From a responsiveness standpoint, everything on the Lumia 820 matches every other Windows Phone 8 device we’ve used, almost identically. Were it not for subtle differences in display quality, size, and frame-rate, we’d have a tough time telling the Lumia 820 from a Lumia 920 in a blind interface comparison.

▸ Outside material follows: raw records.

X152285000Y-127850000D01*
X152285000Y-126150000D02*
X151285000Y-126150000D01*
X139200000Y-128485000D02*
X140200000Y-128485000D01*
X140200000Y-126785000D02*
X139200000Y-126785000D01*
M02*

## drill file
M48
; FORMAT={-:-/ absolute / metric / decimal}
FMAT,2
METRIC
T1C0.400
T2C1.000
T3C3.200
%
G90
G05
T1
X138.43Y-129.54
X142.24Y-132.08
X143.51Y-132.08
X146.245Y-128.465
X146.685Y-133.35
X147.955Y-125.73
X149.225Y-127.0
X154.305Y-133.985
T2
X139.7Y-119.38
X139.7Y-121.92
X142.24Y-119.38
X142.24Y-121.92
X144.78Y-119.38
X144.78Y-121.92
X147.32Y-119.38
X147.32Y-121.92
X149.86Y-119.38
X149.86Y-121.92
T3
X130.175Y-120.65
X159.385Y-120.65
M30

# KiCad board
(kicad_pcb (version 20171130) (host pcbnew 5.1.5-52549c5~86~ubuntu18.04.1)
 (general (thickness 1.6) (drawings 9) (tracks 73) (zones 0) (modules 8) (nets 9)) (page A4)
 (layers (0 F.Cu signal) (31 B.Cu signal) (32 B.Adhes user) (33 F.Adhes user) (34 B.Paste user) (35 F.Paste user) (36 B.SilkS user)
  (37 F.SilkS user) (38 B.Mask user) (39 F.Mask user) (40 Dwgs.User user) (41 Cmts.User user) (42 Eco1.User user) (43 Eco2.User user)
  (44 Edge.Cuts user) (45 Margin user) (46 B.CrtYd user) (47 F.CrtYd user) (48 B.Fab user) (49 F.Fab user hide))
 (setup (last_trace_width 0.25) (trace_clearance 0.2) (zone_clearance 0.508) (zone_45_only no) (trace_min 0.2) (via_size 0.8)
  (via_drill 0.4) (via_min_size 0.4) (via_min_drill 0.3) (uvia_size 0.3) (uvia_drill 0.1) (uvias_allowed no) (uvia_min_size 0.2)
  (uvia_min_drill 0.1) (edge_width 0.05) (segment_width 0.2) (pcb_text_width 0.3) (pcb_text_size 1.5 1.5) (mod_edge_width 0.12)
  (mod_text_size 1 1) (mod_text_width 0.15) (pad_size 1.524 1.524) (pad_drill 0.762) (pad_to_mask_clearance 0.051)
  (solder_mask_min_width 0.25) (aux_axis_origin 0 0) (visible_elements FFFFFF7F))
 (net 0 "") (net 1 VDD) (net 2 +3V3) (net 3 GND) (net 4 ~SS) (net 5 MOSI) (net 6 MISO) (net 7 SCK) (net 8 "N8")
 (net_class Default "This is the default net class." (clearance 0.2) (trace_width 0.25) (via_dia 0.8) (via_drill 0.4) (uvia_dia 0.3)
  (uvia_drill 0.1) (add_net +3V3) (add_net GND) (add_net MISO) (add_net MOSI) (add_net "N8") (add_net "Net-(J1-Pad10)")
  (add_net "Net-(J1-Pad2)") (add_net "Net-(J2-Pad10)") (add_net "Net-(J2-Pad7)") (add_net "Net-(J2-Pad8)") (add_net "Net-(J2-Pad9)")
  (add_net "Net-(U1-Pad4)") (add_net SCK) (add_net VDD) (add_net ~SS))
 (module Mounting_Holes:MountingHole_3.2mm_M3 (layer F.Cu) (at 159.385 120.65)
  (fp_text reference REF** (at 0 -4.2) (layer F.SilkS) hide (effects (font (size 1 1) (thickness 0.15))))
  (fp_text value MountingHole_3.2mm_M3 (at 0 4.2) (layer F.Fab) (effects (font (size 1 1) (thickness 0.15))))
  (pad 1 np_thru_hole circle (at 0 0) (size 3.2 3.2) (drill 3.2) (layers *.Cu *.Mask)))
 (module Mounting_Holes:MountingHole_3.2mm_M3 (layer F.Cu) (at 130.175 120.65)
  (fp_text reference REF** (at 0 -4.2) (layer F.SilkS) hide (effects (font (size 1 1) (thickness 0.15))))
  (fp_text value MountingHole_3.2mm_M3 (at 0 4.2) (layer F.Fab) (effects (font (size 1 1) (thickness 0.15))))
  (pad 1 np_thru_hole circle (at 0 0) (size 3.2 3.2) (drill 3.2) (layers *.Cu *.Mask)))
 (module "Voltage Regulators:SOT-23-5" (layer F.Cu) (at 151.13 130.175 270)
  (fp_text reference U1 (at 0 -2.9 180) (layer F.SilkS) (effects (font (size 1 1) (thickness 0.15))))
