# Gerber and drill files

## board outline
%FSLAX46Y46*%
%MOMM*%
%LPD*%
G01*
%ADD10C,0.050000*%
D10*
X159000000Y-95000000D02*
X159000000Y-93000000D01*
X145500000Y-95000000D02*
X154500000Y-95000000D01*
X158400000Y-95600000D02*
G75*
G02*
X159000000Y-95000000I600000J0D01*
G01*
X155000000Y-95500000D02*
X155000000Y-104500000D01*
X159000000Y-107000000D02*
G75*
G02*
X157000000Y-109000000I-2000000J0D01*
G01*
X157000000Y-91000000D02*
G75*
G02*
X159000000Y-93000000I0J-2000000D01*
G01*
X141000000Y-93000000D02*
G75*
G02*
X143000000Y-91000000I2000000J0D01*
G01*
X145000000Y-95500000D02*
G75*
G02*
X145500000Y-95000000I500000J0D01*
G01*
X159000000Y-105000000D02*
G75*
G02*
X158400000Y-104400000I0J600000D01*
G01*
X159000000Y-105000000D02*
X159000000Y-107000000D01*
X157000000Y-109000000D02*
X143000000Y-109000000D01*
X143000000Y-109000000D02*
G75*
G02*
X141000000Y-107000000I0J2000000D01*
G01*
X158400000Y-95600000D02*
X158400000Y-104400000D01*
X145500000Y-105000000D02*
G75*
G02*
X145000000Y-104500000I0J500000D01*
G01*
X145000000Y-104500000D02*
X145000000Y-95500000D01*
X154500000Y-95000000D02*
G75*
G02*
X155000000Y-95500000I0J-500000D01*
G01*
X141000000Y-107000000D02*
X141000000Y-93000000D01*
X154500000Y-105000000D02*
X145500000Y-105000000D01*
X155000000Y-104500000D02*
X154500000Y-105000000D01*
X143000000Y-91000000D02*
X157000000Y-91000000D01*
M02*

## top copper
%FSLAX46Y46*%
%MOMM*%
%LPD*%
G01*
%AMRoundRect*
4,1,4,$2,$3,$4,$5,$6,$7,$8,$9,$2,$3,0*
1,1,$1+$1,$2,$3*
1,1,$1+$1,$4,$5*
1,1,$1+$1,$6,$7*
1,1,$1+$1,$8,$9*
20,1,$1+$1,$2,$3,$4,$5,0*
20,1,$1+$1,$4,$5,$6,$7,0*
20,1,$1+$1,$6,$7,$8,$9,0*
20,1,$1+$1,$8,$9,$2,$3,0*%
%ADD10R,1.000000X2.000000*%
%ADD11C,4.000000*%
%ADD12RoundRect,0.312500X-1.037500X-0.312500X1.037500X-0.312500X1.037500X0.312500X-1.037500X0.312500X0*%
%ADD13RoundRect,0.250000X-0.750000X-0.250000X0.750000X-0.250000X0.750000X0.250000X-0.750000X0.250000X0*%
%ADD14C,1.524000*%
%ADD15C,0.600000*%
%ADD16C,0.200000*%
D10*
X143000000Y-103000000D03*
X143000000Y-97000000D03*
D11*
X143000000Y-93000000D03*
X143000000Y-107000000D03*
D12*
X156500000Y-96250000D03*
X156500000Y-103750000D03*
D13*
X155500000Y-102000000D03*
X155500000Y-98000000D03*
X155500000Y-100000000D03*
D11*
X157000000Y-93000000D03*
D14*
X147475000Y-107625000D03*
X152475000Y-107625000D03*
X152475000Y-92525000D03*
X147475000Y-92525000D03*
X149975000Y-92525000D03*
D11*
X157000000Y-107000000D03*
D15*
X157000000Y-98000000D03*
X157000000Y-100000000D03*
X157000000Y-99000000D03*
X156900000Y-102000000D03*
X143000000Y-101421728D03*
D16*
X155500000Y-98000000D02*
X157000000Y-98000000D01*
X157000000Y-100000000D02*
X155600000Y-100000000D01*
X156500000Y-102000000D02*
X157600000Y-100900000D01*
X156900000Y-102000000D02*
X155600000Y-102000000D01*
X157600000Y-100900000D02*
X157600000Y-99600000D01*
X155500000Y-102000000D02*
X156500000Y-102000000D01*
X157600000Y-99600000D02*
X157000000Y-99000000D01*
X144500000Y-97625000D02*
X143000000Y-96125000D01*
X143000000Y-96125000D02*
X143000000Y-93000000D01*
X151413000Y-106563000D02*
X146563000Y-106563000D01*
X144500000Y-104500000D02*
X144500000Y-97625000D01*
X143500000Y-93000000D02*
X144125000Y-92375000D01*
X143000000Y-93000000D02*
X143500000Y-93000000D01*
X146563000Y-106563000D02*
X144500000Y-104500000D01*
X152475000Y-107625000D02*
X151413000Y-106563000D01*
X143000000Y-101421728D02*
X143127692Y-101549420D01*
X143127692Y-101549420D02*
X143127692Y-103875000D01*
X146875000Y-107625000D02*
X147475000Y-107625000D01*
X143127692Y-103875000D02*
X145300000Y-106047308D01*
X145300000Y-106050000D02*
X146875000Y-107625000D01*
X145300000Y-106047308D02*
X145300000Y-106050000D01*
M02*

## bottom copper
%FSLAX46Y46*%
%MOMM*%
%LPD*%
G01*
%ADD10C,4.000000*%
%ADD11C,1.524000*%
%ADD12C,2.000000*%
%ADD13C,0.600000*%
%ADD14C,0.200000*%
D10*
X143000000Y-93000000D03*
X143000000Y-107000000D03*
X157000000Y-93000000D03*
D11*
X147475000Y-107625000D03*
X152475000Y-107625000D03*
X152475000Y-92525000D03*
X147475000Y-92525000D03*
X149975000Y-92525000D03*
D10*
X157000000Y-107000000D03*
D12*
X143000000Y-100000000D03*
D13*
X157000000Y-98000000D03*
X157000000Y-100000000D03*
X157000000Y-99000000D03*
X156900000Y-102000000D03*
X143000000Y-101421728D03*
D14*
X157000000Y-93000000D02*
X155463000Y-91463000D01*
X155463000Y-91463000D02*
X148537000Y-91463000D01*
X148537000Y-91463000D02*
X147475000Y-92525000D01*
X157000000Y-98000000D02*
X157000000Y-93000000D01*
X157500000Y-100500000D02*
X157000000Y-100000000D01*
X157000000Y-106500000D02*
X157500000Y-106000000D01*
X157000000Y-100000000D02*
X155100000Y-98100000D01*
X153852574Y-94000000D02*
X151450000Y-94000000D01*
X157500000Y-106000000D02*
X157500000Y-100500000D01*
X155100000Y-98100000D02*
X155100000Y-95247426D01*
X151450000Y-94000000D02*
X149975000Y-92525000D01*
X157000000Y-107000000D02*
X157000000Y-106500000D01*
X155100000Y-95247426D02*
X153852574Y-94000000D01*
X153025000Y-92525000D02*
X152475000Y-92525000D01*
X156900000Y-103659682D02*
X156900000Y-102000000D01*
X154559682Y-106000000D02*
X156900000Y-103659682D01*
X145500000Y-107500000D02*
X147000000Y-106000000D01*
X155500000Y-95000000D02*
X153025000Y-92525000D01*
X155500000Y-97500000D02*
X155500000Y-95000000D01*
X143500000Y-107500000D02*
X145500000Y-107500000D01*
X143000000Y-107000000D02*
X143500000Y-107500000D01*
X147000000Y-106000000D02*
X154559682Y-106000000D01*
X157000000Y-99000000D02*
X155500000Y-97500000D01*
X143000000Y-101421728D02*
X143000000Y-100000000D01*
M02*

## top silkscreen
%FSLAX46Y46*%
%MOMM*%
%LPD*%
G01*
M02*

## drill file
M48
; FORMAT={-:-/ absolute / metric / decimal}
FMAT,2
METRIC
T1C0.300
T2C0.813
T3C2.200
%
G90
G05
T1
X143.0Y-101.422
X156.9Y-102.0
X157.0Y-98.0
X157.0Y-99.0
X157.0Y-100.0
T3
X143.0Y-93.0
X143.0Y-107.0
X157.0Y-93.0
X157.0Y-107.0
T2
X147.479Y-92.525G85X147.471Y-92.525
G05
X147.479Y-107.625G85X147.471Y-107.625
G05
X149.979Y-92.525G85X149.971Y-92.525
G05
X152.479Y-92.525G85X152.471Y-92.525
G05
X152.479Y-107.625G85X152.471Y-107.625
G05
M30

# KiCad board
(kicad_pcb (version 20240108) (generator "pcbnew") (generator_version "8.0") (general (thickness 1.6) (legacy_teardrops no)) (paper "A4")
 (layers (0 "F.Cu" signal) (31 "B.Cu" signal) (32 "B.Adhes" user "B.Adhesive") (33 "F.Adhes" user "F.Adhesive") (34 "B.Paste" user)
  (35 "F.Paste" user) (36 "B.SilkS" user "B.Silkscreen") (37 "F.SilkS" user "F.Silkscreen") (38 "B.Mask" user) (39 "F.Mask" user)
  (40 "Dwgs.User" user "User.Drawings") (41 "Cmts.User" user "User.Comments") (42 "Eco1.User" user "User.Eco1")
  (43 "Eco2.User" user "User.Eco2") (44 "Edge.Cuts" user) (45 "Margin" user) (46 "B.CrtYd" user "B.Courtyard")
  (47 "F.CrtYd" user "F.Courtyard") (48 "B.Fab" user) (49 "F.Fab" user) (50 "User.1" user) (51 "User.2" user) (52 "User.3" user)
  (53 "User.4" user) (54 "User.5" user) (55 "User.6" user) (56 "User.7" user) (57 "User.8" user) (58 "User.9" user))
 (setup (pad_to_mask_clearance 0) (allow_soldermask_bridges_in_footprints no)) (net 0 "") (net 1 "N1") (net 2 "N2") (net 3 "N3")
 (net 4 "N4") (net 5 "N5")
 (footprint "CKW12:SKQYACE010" (layer "F.Cu") (at 143 100 -90)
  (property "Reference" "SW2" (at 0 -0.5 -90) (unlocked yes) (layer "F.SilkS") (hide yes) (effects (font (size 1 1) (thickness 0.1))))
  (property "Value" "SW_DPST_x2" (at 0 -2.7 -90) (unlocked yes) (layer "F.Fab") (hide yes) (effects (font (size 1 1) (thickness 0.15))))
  (pad "1" smd rect (at 3 0 270) (size 2 1) (layers "F.Cu" "F.Paste" "F.Mask") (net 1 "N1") (thermal_bridge_angle 45))
  (pad "2" smd rect (at -3 0 270) (size 2 1) (layers "F.Cu" "F.Paste" "F.Mask") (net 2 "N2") (thermal_bridge_angle 45)))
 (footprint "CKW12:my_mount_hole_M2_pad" (layer "F.Cu") (at 143 93)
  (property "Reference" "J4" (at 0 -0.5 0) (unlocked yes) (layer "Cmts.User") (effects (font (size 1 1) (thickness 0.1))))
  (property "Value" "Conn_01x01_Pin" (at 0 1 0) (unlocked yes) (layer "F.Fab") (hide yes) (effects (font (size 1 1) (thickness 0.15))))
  (pad "" thru_hole circle (at 0 0) (size 4 4) (drill 2.2) (layers "*.Cu" "*.Mask") (remove_unused_layers no) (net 2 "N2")))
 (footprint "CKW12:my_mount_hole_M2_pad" (layer "F.Cu") (at 143 107)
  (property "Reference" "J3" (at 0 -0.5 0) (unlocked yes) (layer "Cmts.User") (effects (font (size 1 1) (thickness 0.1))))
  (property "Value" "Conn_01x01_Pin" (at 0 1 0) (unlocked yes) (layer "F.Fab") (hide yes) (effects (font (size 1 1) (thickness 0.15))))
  (pad "" thru_hole circle (at 0 0) (size 4 4) (drill 2.2) (layers "*.Cu" "*.Mask") (remove_unused_layers no) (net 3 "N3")))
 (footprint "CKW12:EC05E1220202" (layer "F.Cu") (at 150 100)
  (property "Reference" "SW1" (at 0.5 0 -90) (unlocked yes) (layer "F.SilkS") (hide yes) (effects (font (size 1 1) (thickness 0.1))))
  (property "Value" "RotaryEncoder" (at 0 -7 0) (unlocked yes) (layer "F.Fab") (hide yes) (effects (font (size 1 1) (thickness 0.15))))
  (pad "" smd roundrect (at 6.5 -3.75) (size 2.7 1.25) (layers "F.Cu" "F.Paste" "F.Mask") (roundrect_rratio 0.25) (thermal_bridge_angle 45))
  (pad "" smd roundrect (at 6.5 3.75) (size 2.7 1.25) (layers "F.Cu" "F.Paste" "F.Mask") (roundrect_rratio 0.25) (thermal_bridge_angle 45))
  (pad "A" smd roundrect (at 5.5 2) (size 2 1) (layers "F.Cu" "F.Paste" "F.Mask") (roundrect_rratio 0.25) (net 3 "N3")
   (thermal_bridge_angle 45))
  (pad "B" smd roundrect (at 5.5 -2) (size 2 1) (layers "F.Cu" "F.Paste" "F.Mask") (roundrect_rratio 0.25) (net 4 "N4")
   (thermal_bridge_angle 45))
  (pad "C" smd roundrect (at 5.5 0) (size 2 1) (layers "F.Cu" "F.Paste" "F.Mask") (roundrect_rratio 0.25) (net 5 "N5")
   (thermal_bridge_angle 45)))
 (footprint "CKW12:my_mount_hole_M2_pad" (layer "F.Cu") (at 157 93)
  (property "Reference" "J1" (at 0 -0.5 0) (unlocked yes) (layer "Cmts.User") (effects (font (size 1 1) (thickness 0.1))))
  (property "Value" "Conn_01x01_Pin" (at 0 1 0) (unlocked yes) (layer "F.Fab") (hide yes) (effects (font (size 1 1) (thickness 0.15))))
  (pad "" thru_hole circle (at 0 0) (size 4 4) (drill 2.2) (layers "*.Cu" "*.Mask") (remove_unused_layers no) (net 4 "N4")))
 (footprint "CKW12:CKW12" (layer "F.Cu") (at 150 100 180)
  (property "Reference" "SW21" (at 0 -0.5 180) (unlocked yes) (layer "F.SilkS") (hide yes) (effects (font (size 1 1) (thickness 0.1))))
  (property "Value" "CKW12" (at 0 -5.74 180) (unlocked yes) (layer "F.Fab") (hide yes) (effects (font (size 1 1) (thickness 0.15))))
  (pad "1" thru_hole circle (at 2.525 -7.625 180) (size 1.524 1.524) (drill oval 0.82 0.8128) (layers "*.Cu" "*.Mask")
   (remove_unused_layers no) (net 1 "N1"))
  (pad "2" thru_hole circle (at -2.475 -7.625 180) (size 1.524 1.524) (drill oval 0.82 0.8128) (layers "*.Cu" "*.Mask")
   (remove_unused_layers no) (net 2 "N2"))
  (pad "A" thru_hole circle (at -2.475 7.475 180) (size 1.524 1.524) (drill oval 0.82 0.8128) (layers "*.Cu" "*.Mask")
   (remove_unused_layers no) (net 3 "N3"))
  (pad "B" thru_hole circle (at 2.525 7.475 180) (size 1.524 1.524) (drill oval 0.82 0.8128) (layers "*.Cu" "*.Mask")
   (remove_unused_layers no) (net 4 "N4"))
  (pad "C" thru_hole circle (at 0.025 7.475 180) (size 1.524 1.524) (drill oval 0.82 0.8128) (layers "*.Cu" "*.Mask")
   (remove_unused_layers no) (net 5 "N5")))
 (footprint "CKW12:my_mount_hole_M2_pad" (layer "F.Cu") (at 157 107)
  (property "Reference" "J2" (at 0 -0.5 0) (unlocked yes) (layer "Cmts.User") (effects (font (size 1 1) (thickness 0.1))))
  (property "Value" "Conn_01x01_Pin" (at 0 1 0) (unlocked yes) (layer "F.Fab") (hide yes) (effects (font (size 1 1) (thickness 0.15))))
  (pad "" thru_hole circle (at 0 0) (size 4 4) (drill 2.2) (layers "*.Cu" "*.Mask") (remove_unused_layers no) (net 5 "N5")))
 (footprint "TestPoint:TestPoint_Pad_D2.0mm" (layer "B.Cu") (at 143 100 180)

spacer Of course, it’s the Nokia-specific software suite that makes this device a Lumia, not just another Windows Phone. It’s one of the principal value-adds of Nokia smartphones today, and we’ve covered it in-depth in our Lumia 920 and Lumia 810 reviews. For more on the Nokia collection, we direct you to those pieces for reference (links will open in a new window):

Nokia Lumia 920 Review

Nokia Lumia 810 Review

And if you’re looking for a more hardware-agnostic overview, be sure to take in our exhaustive review of the platform as a whole:

Windows Phone 8 Review

In sum, the Lumia 820 runs Windows Phone 8 very well. AT&T has of course saddled the device with the usual helping of bloatware, and we were disappointed to see that that doesn’t include Data Sense, the data-tracking utility we recently profiled, but we expect that feature to come to AT&T eventually. Those upgrading from another Windows Phone, or folks jumping platforms in search of a smooth, responsive smartphone UI, will find a lot to like in this device.

Index

Camera

Our experience with the Lumia 822 showed us that you don’t need a premium model number to deliver a very good camera experience, and that holds true on the Lumia 820.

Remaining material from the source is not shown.